#### Task instructions:
Provide the count of lines below that include the word "SPEAK", without any accompanying remarks.

--- START ---

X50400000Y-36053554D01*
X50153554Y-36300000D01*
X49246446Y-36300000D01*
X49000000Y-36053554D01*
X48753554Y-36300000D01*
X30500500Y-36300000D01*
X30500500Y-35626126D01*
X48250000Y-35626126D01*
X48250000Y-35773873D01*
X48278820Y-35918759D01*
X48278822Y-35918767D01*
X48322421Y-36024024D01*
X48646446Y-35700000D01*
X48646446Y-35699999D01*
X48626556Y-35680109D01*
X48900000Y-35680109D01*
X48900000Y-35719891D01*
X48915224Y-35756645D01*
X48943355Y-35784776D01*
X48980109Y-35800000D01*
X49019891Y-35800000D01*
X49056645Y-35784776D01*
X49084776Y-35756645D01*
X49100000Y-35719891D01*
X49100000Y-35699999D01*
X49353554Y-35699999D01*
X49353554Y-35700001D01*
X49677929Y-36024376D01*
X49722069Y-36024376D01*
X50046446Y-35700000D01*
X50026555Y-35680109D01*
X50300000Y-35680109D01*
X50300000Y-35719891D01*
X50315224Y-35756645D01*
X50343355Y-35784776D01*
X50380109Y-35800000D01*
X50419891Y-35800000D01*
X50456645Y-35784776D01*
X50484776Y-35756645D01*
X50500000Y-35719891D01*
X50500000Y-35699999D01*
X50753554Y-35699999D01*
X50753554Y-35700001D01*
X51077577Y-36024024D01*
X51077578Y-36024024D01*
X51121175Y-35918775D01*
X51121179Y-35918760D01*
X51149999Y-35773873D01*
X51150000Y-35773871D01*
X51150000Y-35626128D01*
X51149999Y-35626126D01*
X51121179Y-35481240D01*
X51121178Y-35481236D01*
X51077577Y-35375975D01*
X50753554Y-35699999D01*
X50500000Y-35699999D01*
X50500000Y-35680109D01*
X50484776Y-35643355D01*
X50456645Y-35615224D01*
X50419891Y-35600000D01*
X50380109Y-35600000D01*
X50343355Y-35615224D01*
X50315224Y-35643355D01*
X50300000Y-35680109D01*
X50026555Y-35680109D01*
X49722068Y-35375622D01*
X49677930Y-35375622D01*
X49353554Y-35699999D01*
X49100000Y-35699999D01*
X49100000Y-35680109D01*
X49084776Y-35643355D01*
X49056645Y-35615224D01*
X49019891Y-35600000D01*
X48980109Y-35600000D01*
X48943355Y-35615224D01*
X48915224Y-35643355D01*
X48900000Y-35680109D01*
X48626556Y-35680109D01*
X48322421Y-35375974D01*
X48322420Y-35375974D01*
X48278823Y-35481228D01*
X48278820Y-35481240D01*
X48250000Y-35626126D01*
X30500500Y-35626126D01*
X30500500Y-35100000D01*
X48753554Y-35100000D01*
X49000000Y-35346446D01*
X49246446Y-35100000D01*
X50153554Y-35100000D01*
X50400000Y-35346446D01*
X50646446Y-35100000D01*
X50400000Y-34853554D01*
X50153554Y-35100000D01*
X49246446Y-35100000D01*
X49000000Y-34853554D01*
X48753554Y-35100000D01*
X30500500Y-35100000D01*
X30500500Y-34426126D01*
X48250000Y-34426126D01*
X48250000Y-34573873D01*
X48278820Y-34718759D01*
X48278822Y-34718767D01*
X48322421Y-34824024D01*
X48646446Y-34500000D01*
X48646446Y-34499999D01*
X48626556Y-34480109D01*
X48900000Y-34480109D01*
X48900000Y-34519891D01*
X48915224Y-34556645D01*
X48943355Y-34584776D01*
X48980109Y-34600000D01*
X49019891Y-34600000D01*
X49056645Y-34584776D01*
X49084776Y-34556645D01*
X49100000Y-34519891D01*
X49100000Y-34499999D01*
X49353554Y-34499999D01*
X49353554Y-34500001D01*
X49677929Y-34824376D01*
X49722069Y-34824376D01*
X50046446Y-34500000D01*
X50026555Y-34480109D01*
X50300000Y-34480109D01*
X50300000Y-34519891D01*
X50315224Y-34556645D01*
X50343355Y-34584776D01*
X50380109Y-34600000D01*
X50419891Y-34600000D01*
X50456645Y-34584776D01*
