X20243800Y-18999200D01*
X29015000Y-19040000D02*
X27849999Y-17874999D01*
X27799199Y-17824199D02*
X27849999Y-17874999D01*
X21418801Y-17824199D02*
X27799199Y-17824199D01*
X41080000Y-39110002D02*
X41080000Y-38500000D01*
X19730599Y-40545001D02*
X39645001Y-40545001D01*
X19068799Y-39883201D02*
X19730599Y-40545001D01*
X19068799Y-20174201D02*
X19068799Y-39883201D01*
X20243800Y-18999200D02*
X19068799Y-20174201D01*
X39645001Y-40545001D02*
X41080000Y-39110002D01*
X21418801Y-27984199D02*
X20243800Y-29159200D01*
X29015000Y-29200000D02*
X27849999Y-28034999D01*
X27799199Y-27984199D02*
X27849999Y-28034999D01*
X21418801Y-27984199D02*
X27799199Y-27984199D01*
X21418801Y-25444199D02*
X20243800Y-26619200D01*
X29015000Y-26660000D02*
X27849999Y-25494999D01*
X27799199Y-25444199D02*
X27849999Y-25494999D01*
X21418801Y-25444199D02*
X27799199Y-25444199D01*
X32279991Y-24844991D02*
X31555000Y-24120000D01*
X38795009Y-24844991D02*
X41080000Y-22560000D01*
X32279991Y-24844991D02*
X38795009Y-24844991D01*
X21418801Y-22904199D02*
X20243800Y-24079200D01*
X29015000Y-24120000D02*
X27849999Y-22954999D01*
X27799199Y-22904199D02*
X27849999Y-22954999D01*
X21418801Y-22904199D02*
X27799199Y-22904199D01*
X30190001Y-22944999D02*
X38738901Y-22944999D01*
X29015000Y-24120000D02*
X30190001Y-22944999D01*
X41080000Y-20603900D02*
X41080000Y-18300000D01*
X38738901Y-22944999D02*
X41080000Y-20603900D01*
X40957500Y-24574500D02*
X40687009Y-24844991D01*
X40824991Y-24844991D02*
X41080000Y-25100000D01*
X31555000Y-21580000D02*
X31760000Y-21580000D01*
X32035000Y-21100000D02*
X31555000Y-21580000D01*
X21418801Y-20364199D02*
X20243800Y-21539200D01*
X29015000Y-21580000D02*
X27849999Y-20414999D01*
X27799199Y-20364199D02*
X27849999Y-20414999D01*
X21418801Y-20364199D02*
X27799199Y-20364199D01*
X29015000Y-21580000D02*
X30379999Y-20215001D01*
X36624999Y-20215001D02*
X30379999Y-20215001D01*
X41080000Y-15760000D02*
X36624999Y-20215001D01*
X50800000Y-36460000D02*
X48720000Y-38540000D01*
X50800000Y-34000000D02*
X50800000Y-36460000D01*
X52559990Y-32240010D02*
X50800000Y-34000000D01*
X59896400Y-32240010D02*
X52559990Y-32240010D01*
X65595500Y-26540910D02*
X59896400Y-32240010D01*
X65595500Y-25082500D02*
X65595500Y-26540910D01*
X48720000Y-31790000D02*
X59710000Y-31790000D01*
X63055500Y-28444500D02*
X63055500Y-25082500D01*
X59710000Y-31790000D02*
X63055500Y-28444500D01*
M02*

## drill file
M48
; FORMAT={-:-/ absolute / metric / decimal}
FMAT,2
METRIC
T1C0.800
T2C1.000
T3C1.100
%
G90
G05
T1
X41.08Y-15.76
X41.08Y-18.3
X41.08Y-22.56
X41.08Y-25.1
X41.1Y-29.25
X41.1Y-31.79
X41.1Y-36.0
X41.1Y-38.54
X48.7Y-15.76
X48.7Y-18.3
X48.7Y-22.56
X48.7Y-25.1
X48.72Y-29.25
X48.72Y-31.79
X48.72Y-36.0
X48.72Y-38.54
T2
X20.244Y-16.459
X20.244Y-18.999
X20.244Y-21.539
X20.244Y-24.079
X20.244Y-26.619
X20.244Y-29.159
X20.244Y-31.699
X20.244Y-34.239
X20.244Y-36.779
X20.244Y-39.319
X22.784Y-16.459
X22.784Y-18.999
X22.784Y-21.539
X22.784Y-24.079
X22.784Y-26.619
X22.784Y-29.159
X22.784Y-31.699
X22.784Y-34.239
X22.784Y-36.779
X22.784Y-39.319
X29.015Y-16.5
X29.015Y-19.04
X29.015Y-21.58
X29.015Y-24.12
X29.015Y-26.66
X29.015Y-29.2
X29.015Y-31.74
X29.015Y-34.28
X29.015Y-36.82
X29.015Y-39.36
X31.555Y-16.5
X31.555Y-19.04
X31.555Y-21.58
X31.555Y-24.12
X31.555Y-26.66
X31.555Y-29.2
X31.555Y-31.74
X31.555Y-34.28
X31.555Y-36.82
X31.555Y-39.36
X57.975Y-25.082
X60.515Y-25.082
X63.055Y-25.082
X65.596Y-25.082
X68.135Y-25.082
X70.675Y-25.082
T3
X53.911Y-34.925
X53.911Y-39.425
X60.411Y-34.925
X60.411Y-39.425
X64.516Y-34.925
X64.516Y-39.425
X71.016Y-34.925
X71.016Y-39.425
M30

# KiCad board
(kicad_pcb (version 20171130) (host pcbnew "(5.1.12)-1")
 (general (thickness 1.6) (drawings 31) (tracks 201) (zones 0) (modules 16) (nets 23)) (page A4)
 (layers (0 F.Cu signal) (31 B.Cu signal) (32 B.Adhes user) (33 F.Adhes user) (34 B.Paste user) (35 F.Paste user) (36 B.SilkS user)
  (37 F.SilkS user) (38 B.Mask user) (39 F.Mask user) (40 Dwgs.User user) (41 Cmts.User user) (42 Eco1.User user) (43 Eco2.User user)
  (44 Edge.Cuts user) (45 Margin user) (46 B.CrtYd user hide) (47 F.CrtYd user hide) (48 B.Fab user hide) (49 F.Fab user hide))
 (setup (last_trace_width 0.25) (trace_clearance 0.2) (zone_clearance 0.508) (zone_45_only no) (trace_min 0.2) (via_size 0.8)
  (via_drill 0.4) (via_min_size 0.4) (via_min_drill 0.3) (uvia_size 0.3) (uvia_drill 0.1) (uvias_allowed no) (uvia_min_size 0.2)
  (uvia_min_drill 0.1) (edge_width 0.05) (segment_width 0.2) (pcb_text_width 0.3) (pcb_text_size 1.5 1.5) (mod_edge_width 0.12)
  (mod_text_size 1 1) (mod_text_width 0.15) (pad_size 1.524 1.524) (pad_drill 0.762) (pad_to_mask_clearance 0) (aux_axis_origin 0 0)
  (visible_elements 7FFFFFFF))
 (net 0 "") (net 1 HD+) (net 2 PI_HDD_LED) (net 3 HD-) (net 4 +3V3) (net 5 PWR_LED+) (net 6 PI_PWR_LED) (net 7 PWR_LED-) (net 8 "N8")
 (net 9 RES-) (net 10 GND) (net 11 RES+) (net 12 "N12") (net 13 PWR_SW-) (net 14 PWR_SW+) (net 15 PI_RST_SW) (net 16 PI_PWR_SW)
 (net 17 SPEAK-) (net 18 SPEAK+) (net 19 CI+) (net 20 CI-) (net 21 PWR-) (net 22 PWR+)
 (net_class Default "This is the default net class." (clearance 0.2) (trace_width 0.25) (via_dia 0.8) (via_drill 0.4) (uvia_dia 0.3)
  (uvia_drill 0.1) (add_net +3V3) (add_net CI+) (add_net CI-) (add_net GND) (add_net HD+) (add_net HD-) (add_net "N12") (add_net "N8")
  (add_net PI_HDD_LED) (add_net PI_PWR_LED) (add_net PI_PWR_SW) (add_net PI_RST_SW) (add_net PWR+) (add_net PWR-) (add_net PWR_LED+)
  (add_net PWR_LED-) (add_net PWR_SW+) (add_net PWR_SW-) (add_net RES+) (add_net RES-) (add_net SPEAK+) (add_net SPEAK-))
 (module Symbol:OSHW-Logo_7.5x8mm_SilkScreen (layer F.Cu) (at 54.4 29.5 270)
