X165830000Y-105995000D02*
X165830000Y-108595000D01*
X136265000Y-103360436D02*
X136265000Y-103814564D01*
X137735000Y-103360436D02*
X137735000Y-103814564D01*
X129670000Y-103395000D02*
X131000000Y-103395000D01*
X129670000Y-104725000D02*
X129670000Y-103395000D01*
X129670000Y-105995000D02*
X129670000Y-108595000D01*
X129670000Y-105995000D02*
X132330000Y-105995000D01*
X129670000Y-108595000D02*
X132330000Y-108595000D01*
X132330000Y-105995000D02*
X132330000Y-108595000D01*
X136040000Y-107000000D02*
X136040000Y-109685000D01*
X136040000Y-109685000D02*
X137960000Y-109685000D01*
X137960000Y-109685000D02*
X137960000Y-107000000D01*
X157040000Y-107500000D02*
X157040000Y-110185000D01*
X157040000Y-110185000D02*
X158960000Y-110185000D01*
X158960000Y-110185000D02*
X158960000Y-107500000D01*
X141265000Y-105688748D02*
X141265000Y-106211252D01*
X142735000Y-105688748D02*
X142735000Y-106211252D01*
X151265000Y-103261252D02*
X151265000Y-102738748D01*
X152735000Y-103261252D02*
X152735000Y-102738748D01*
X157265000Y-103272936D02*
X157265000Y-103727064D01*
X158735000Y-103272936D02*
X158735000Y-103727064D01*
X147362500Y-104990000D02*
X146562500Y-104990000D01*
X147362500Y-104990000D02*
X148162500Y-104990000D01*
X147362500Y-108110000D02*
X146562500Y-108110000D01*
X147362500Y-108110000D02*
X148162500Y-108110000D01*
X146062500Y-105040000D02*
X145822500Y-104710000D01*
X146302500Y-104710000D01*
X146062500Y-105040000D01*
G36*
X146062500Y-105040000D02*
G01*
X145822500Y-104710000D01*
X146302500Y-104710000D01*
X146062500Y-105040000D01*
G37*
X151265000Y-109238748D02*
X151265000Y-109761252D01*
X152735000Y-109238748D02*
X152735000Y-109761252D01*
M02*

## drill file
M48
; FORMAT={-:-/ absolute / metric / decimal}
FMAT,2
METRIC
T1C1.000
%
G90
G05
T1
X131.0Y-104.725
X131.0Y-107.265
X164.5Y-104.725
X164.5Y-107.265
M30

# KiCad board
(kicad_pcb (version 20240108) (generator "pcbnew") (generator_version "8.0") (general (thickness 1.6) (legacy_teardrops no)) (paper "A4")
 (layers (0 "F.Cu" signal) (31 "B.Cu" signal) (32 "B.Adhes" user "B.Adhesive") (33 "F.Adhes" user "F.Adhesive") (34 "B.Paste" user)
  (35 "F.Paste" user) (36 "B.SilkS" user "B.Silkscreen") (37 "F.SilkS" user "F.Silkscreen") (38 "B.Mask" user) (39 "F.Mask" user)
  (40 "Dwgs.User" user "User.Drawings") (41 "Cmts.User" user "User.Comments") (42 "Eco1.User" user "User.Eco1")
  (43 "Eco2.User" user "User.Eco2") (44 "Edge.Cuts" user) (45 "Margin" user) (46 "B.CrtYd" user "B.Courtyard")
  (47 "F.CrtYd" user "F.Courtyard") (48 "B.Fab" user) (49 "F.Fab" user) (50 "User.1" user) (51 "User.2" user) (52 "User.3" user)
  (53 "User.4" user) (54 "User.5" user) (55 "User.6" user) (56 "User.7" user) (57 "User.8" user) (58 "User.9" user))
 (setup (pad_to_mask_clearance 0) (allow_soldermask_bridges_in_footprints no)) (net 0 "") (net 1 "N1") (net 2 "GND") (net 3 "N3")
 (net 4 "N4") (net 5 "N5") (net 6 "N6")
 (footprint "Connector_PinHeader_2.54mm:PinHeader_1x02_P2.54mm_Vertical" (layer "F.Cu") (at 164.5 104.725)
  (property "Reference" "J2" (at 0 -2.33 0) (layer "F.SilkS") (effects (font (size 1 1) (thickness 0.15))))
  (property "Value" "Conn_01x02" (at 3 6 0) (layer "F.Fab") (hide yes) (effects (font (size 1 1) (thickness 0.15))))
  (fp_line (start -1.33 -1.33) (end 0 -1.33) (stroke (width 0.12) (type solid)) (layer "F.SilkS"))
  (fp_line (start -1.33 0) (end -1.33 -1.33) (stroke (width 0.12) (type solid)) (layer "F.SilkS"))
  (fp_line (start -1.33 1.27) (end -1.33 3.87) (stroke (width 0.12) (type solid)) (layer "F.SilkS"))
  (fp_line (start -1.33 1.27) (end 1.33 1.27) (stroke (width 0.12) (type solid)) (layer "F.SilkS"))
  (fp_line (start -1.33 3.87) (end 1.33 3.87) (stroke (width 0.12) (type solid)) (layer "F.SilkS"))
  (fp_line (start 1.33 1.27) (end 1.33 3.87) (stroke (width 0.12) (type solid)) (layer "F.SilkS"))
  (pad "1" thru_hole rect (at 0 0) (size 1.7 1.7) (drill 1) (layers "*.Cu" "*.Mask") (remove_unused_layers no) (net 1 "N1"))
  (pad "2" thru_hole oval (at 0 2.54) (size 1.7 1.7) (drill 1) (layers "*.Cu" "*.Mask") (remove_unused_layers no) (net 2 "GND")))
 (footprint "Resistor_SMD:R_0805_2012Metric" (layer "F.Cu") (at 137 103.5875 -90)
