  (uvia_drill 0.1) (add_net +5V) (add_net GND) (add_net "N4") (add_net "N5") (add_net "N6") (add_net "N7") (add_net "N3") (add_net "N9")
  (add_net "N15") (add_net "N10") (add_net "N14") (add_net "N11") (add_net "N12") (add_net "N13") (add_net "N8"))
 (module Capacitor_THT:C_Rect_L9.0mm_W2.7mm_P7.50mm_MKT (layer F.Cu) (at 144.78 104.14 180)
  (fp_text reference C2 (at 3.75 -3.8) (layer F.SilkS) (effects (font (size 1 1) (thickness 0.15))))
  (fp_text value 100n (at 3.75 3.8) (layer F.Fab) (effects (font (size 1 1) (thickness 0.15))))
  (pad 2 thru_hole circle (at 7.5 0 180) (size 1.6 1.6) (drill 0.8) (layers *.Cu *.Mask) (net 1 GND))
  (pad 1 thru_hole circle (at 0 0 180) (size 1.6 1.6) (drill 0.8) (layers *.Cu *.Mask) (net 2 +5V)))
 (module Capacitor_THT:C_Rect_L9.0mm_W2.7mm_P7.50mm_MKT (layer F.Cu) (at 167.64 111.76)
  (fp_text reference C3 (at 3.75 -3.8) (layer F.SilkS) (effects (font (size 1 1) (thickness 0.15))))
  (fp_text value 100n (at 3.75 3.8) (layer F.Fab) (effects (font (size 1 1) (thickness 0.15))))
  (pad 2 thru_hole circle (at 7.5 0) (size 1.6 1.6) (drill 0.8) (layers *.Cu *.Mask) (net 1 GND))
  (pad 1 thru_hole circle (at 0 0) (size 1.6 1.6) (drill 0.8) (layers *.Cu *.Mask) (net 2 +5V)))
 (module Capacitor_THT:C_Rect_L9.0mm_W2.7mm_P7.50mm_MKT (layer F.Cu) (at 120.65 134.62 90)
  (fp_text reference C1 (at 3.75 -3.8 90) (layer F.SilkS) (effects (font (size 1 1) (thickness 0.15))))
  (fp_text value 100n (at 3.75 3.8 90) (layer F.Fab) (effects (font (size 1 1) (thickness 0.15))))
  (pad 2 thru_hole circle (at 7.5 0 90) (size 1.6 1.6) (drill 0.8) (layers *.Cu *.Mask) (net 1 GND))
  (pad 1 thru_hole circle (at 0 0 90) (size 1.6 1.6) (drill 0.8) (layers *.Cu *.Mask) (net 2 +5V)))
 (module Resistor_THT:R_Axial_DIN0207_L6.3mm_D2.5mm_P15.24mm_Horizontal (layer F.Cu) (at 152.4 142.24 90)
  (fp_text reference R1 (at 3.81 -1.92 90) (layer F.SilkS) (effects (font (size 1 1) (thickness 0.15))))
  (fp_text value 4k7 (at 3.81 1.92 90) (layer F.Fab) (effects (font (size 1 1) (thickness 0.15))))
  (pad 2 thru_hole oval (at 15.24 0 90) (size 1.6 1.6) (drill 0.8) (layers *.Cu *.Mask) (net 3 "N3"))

--- END ---

#### Exercise result:
2